Archive | Age Matters
The Magical Thinking of Before Midnight
I first saw Scenes From a Marriage, Ingmar Bergman’s 1973 Swedish TV series, at the apartment of a man I’d been considering sleeping with for a while. He’d projected it against a wall painted white expressly for our screening, and we sat through about 45 minutes before he shut it off and turned to me. “This is not sexy,” he said flatly, and we promptly fell upon each other like wild dogs. The affair lasted four months, the precise length of time you can date someone before it deepens into something more serious. I wasn’t surprised. We’d consummated the relationship in the long shadow of a film that denied us any shared illusions about love before experience could do that for us.
Before Midnight, Richard Linklater’s third film about the romance of Celine (Julie Delpy) and Jesse (Ethan Hawke) (not counting the couple’s cameo in the director’s animated Waking Life), is the first in this series that smacks of Bergman—that Bergman, in particular. That’s a big old blast of relationship reality. And no matter how well-rendered, it isn’t the movie magic we clamor for even when it’s what we need.

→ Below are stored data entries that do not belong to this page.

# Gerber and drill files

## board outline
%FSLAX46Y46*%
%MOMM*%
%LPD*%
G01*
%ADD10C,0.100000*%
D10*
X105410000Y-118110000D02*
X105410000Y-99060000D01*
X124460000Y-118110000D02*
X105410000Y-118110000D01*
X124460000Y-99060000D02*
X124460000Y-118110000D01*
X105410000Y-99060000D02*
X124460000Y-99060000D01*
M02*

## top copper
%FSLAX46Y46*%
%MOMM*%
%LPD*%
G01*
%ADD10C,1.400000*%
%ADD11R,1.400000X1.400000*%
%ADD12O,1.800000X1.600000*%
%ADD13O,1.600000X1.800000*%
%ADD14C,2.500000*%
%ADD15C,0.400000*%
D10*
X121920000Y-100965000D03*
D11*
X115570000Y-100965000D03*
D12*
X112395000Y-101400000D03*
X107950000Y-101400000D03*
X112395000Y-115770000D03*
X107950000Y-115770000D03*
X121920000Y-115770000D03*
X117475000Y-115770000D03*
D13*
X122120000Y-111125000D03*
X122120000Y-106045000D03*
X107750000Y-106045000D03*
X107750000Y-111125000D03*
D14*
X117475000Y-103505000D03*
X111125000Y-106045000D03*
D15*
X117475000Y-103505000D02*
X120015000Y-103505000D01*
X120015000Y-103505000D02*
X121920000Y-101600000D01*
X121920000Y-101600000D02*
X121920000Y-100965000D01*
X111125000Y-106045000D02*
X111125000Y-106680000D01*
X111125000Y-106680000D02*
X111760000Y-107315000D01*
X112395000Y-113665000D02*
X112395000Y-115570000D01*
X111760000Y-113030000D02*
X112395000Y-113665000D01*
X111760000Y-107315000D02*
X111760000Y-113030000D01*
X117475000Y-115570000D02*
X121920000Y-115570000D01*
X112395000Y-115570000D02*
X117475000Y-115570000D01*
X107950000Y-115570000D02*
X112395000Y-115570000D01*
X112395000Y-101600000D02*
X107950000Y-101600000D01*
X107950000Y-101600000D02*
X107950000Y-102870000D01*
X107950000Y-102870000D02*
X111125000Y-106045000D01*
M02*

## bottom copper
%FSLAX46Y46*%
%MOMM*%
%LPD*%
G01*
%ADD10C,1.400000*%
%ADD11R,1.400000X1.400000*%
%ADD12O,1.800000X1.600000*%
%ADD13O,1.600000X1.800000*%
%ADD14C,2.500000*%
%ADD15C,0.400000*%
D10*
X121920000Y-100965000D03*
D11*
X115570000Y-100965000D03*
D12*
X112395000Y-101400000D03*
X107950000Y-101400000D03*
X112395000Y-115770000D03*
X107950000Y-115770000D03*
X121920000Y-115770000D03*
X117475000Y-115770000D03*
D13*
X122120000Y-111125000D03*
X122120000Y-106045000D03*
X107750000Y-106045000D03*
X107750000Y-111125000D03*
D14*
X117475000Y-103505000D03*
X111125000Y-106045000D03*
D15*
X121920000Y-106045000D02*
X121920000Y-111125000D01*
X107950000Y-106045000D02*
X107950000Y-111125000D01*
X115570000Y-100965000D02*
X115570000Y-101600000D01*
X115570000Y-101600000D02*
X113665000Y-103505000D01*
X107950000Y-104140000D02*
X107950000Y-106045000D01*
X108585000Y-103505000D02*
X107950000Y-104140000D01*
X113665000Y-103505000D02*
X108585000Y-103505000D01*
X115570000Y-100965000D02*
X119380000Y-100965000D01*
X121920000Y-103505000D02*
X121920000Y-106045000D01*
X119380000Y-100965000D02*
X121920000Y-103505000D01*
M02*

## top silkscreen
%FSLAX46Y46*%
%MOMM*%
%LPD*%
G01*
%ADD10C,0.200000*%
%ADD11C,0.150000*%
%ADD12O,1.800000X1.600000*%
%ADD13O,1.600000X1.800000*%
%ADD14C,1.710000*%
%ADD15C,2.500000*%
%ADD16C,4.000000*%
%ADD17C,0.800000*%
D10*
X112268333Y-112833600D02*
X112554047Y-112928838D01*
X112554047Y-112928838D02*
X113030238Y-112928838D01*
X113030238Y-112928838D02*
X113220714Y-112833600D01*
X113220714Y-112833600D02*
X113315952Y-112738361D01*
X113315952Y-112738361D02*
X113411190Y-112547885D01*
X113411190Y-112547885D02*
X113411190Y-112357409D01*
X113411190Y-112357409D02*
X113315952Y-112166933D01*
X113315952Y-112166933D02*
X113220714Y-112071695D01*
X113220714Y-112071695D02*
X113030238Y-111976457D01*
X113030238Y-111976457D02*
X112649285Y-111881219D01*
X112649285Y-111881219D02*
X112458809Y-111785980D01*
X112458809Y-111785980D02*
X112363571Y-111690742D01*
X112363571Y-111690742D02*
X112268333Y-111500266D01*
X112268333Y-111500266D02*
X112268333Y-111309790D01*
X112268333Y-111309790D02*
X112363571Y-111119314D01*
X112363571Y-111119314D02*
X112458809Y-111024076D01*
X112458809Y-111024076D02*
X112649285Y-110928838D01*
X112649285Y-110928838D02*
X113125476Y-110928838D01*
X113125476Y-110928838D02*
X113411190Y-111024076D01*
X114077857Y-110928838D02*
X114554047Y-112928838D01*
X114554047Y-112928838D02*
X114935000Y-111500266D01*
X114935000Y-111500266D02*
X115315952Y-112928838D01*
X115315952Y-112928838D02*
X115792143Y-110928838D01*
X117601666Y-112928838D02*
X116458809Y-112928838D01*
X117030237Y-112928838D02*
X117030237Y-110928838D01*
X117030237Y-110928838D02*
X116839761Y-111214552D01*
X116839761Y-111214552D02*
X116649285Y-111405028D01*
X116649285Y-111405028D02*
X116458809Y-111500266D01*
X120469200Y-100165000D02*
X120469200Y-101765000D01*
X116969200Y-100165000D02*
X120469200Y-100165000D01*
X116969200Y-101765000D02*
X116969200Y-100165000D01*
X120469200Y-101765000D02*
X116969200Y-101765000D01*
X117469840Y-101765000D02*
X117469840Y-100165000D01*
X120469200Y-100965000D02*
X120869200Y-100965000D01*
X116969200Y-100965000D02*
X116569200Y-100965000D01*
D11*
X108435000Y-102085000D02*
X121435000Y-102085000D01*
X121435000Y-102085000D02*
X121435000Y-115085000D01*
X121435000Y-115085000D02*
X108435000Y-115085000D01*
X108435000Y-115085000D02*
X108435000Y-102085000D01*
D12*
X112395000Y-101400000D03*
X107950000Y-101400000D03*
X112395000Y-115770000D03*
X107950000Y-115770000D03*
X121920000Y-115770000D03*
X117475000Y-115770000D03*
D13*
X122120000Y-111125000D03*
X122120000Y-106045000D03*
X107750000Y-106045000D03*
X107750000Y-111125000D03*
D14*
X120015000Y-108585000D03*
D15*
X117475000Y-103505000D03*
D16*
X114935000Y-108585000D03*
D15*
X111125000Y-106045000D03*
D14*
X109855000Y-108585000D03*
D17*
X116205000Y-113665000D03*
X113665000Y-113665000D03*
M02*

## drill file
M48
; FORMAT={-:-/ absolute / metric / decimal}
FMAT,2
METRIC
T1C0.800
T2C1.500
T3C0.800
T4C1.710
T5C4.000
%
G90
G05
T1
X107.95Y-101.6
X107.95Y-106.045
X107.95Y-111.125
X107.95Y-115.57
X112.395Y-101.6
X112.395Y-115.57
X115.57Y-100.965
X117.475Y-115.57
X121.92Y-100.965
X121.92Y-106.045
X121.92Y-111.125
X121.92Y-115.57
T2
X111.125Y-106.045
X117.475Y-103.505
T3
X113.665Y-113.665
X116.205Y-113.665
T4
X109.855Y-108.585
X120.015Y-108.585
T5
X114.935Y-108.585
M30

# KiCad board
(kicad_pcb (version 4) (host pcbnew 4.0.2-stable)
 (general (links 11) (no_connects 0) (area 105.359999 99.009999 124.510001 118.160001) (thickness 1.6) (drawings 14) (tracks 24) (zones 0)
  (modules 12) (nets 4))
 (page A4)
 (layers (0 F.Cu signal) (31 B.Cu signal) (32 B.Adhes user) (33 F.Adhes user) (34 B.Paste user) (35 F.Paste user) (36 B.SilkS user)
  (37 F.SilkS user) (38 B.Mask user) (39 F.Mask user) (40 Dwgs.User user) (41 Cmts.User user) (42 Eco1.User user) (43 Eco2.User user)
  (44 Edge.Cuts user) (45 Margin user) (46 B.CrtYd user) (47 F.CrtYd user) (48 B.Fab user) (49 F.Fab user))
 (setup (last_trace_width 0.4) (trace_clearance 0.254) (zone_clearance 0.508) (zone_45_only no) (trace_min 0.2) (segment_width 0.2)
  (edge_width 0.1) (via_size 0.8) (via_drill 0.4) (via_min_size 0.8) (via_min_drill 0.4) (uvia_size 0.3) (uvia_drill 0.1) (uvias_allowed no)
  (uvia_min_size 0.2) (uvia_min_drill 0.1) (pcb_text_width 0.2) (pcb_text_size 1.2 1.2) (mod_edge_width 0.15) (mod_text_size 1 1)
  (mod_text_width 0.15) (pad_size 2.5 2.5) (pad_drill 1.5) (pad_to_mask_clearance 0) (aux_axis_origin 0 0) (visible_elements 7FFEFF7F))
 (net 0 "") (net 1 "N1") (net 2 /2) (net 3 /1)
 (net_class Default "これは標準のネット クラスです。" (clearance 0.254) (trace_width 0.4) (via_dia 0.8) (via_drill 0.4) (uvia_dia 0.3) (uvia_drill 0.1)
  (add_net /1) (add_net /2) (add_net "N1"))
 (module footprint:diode (layer B.Cu) (at 115.57 100.965)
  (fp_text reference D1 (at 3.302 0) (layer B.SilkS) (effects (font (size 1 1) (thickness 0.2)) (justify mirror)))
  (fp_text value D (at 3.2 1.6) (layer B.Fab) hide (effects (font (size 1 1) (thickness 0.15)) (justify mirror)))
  (fp_line (start 4.8992 -0.8) (end 4.8992 0.8) (layer F.SilkS) (width 0.2))
  (fp_line (start 1.3992 -0.8) (end 4.8992 -0.8) (layer F.SilkS) (width 0.2))
  (fp_line (start 1.3992 0.8) (end 1.3992 -0.8) (layer F.SilkS) (width 0.2))
  (fp_line (start 4.8992 0.8) (end 1.3992 0.8) (layer F.SilkS) (width 0.2))
  (fp_line (start 1.89984 0.8) (end 1.89984 -0.8) (layer F.SilkS) (width 0.2))
  (fp_line (start 4.8992 0) (end 5.2992 0) (layer F.SilkS) (width 0.2))
  (fp_line (start 1.3992 0) (end 0.9992 0) (layer F.SilkS) (width 0.2))
  (pad 2 thru_hole circle (at 6.35 0) (size 1.4 1.4) (drill 0.8) (layers *.Cu *.Mask B.SilkS) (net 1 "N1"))
  (pad 1 thru_hole rect (at 0 0) (size 1.4 1.4) (drill 0.8) (layers *.Cu *.Mask B.SilkS) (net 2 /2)))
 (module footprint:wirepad (layer F.Cu) (at 112.395 101.6 180)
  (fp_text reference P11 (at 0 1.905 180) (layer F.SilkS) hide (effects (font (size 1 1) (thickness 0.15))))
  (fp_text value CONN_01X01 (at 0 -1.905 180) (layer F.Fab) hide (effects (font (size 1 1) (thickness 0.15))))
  (pad 1 thru_hole oval (at 0 0 180) (size 1.8 1.6) (drill 0.8 (offset 0 0.2)) (layers *.Cu *.Mask F.SilkS) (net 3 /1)))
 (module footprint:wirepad (layer F.Cu) (at 107.95 101.6 180)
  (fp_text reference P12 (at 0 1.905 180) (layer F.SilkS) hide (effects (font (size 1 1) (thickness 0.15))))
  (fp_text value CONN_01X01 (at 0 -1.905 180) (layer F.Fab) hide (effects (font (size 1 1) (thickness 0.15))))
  (pad 1 thru_hole oval (at 0 0 180) (size 1.8 1.6) (drill 0.8 (offset 0 0.2)) (layers *.Cu *.Mask F.SilkS) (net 3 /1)))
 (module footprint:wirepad (layer F.Cu) (at 112.395 115.57)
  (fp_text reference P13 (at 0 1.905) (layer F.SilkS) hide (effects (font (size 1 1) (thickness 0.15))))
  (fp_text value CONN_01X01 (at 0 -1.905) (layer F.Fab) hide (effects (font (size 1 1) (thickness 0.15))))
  (pad 1 thru_hole oval (at 0 0) (size 1.8 1.6) (drill 0.8 (offset 0 0.2)) (layers *.Cu *.Mask F.SilkS) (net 3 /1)))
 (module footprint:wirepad (layer F.Cu) (at 107.95 115.57)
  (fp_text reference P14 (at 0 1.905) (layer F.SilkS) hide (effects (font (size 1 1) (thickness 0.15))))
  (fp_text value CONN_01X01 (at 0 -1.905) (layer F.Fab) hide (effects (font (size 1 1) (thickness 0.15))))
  (pad 1 thru_hole oval (at 0 0) (size 1.8 1.6) (drill 0.8 (offset 0 0.2)) (layers *.Cu *.Mask F.SilkS) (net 3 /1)))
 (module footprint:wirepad (layer F.Cu) (at 121.92 115.57)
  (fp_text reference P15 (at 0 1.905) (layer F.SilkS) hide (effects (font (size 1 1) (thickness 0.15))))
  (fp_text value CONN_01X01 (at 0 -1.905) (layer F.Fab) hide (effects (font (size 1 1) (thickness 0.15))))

I’m not convinced we ever do.
Before Sunrise (1995) began as Celine, a French university student, and Jesse, an American wandering on a Eurorail pass, met cute as strangers on a train. After a bit of banter, the two jumped off in Vienna, reveling in their connection as they chattered on prettily cobbled streets. That film took visual and narrative cues from its 20something stars—magnetic and effusively philosophical—and left us to moon about the road that might stretch before them. Would they regret it if they did not reunite a year later? Would they regret it if they did? It was a perfectly earnest romance for a generation that didn’t earnestly care about anything, and I floated in its reverie for months. Somewhat improbably, it also spawned a terrific franchise (a subversion of the term, yes) built upon all that chattiness: Celine and Jesse were such well-developed characters that they could reanimate without stumbling like scary zombies.

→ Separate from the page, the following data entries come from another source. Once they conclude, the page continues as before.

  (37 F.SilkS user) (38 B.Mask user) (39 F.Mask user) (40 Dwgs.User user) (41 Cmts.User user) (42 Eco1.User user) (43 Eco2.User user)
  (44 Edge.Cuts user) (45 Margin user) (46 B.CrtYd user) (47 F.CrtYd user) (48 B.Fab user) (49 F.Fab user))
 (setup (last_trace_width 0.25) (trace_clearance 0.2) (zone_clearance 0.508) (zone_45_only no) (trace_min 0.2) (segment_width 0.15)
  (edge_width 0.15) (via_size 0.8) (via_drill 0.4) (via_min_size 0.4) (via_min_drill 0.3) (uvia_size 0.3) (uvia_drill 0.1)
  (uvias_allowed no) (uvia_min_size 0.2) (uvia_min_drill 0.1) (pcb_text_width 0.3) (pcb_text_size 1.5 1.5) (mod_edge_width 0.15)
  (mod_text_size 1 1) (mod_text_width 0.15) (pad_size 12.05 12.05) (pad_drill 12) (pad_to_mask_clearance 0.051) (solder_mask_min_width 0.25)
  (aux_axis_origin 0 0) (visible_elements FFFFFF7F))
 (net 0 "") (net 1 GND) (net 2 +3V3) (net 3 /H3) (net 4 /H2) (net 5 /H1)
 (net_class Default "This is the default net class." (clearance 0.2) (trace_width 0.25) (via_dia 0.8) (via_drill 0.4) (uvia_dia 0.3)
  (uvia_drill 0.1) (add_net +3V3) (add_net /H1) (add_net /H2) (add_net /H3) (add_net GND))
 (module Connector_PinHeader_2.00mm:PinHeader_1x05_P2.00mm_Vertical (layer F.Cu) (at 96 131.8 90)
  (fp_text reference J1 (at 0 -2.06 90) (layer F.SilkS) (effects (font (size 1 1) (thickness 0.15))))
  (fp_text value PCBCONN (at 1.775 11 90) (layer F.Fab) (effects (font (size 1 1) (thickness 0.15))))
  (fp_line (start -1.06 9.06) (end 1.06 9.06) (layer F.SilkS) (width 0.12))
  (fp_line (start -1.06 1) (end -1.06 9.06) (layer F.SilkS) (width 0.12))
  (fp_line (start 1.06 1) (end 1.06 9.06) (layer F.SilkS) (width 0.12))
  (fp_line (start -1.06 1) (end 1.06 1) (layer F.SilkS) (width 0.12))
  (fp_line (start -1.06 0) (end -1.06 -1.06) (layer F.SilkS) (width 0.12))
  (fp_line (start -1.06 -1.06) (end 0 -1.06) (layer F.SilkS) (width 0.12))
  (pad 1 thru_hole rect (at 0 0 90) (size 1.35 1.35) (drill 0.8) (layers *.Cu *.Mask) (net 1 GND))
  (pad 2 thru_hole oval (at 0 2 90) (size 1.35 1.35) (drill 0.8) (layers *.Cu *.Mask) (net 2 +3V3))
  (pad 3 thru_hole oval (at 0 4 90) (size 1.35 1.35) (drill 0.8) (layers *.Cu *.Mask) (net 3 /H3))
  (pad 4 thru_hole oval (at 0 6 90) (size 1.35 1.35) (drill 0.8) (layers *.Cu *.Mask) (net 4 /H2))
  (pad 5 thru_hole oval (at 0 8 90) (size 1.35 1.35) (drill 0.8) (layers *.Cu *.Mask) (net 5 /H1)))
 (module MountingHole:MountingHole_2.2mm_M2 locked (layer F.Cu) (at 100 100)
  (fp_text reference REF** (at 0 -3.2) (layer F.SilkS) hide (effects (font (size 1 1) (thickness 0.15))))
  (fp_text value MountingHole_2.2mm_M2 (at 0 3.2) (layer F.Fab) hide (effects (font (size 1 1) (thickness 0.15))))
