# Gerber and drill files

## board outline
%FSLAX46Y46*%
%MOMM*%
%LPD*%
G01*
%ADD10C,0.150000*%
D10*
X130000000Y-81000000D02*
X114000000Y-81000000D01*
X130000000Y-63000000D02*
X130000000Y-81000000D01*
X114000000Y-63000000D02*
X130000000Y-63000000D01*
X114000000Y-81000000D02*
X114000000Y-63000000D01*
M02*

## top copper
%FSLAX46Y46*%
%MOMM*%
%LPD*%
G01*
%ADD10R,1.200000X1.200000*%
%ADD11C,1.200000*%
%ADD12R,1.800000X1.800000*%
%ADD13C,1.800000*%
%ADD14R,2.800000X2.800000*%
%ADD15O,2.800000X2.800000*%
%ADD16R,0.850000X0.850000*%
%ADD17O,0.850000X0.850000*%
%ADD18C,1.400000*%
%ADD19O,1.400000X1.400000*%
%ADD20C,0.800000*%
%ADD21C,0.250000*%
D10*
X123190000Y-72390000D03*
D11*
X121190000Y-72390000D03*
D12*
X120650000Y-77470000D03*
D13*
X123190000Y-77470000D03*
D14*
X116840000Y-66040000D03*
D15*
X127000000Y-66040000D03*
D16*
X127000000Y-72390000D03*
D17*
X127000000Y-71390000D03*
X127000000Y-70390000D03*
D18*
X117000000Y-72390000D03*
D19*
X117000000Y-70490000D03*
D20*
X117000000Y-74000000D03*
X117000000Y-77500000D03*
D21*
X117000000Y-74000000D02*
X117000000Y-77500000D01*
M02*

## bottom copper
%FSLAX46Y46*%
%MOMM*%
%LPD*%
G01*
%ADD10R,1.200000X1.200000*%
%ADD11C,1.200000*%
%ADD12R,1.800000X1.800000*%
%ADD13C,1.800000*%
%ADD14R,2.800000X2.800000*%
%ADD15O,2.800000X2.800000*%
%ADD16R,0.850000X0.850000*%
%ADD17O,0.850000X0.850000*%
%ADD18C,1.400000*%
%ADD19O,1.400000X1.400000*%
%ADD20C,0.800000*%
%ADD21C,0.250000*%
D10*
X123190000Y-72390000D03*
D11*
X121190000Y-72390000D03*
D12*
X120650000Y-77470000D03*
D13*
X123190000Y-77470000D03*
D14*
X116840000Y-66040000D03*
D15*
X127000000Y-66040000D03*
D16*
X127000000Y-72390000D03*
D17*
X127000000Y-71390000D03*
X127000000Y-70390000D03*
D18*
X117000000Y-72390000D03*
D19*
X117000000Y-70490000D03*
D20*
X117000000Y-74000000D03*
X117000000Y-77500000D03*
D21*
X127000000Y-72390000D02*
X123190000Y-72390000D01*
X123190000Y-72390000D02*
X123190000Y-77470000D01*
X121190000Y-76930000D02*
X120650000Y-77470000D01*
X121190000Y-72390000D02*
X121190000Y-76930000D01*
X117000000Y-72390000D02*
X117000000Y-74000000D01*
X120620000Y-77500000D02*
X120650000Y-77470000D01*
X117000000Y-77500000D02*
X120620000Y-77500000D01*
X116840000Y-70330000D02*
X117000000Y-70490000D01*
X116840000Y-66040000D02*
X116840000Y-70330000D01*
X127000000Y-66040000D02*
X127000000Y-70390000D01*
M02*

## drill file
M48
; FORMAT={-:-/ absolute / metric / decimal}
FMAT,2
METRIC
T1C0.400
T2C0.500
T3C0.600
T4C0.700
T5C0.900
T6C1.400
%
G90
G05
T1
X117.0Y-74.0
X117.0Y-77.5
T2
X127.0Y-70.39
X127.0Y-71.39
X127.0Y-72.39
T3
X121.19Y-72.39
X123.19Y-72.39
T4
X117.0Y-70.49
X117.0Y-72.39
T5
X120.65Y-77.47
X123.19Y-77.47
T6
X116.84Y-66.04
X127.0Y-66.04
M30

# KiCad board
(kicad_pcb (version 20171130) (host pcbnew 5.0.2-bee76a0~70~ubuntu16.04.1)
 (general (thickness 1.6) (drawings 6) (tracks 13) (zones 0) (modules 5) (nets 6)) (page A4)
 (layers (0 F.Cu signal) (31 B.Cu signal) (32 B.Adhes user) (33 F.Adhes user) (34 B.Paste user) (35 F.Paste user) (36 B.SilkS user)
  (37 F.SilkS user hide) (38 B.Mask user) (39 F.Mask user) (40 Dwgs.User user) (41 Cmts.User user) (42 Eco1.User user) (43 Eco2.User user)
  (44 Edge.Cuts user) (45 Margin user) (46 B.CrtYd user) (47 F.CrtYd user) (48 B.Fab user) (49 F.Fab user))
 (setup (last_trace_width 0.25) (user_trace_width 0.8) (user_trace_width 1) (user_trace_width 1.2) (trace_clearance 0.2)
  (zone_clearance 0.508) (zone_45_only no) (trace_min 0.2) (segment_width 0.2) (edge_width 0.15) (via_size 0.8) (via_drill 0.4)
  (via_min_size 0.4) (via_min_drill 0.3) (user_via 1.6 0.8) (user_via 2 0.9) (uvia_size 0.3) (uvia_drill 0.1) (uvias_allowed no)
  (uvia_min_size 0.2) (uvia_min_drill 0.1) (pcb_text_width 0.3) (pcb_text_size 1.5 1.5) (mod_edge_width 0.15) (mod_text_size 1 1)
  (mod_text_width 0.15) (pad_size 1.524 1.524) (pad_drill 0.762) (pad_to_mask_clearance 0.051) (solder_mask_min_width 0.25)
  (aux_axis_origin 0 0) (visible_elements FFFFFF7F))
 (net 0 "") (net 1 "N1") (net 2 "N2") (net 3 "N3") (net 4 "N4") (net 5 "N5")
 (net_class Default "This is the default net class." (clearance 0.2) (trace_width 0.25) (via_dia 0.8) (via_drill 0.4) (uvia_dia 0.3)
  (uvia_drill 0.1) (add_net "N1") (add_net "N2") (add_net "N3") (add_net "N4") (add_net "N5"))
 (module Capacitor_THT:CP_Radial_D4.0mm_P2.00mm (layer F.Cu) (at 123.19 72.39 180)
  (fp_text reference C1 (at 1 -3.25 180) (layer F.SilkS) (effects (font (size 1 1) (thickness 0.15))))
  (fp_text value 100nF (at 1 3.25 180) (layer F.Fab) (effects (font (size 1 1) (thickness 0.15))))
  (pad 1 thru_hole rect (at 0 0 180) (size 1.2 1.2) (drill 0.6) (layers *.Cu *.Mask) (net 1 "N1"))
  (pad 2 thru_hole circle (at 2 0 180) (size 1.2 1.2) (drill 0.6) (layers *.Cu *.Mask) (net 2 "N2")))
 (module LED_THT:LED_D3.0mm (layer F.Cu) (at 120.65 77.47)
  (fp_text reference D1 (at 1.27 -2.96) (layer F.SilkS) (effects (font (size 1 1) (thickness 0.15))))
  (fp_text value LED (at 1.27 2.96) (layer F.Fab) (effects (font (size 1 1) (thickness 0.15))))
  (pad 1 thru_hole rect (at 0 0) (size 1.8 1.8) (drill 0.9) (layers *.Cu *.Mask) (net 2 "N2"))
  (pad 2 thru_hole circle (at 2.54 0) (size 1.8 1.8) (drill 0.9) (layers *.Cu *.Mask) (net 1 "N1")))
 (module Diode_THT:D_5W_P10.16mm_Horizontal (layer F.Cu) (at 116.84 66.04)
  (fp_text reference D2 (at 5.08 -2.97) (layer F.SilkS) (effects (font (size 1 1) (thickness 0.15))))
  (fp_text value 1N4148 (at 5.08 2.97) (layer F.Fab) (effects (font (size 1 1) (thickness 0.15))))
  (pad 1 thru_hole rect (at 0 0) (size 2.8 2.8) (drill 1.4) (layers *.Cu *.Mask) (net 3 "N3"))
  (pad 2 thru_hole oval (at 10.16 0) (size 2.8 2.8) (drill 1.4) (layers *.Cu *.Mask) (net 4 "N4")))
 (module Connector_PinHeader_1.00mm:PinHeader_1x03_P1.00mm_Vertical (layer F.Cu) (at 127 72.39 180)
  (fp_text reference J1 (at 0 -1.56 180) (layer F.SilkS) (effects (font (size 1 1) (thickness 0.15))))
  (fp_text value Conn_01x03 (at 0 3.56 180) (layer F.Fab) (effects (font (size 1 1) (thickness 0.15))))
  (pad 1 thru_hole rect (at 0 0 180) (size 0.85 0.85) (drill 0.5) (layers *.Cu *.Mask) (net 1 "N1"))
  (pad 2 thru_hole oval (at 0 1 180) (size 0.85 0.85) (drill 0.5) (layers *.Cu *.Mask) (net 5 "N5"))
  (pad 3 thru_hole oval (at 0 2 180) (size 0.85 0.85) (drill 0.5) (layers *.Cu *.Mask) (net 4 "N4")))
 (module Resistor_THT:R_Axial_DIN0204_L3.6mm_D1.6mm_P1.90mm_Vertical (layer F.Cu) (at 117 72.39 90)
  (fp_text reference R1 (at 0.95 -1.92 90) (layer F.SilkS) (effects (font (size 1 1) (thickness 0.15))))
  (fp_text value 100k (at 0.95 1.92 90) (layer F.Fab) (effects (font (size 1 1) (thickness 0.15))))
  (pad 1 thru_hole circle (at 0 0 90) (size 1.4 1.4) (drill 0.7) (layers *.Cu *.Mask) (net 2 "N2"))
  (pad 2 thru_hole oval (at 1.9 0 90) (size 1.4 1.4) (drill 0.7) (layers *.Cu *.Mask) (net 3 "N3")))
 (gr_line (start 130 81) (end 114 81) (layer Edge.Cuts) (width 0.15))
 (gr_line (start 130 63) (end 130 81) (layer Edge.Cuts) (width 0.15))
 (gr_line (start 114 63) (end 130 63) (layer Edge.Cuts) (width 0.15))
 (gr_line (start 114 81) (end 114 63) (layer Edge.Cuts) (width 0.15))
 (segment (start 127 72.39) (end 123.19 72.39) (width 0.25) (layer B.Cu) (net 1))
 (segment (start 123.19 72.39) (end 123.19 77.47) (width 0.25) (layer B.Cu) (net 1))
 (segment (start 121.19 76.93) (end 120.65 77.47) (width 0.25) (layer B.Cu) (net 2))
 (segment (start 121.19 72.39) (end 121.19 76.93) (width 0.25) (layer B.Cu) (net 2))
 (via (at 117 74) (size 0.8) (drill 0.4) (layers F.Cu B.Cu) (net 2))
 (segment (start 117 72.39) (end 117 74) (width 0.25) (layer B.Cu) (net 2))
 (via (at 117 77.5) (size 0.8) (drill 0.4) (layers F.Cu B.Cu) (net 2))
 (segment (start 117 74) (end 117 77.5) (width 0.25) (layer F.Cu) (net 2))
 (segment (start 120.62 77.5) (end 120.65 77.47) (width 0.25) (layer B.Cu) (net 2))
 (segment (start 117 77.5) (end 120.62 77.5) (width 0.25) (layer B.Cu) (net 2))
 (segment (start 116.84 70.33) (end 117 70.49) (width 0.25) (layer B.Cu) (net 3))
 (segment (start 116.84 66.04) (end 116.84 70.33) (width 0.25) (layer B.Cu) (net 3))
 (segment (start 127 66.04) (end 127 70.39) (width 0.25) (layer B.Cu) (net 4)))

Before Sunset (2004) found them leaner and more resigned, the elapsing nine years having stripped them of more than just baby fat. Jesse was now an unhappily married father on his first international book tour; she, a single-ish environmental activist who was disillusioned both professionally and romantically, at least partly because their reunion never took place. After she surprised him at a Parisian reading of his work, the two took a walk and, along the way, slowly, slightly sadly made their way back to each other. Though the two never actually had sex in this film, it’s far sexier than its predecessor. Because they had already been disappointed by love, life, and each other, their chemistry was more informed, more dangerous and, by the transitive property of sexual attraction, more magical. As the film drew to a close, she was singing Nina Simone as Nina Simone, and he was about to miss his plane back to New York. A perfectly earnest romance about a generation that no longer could afford not to earnestly care about something. I cried in grateful recognition that true connection was still possible, even between a film and myself.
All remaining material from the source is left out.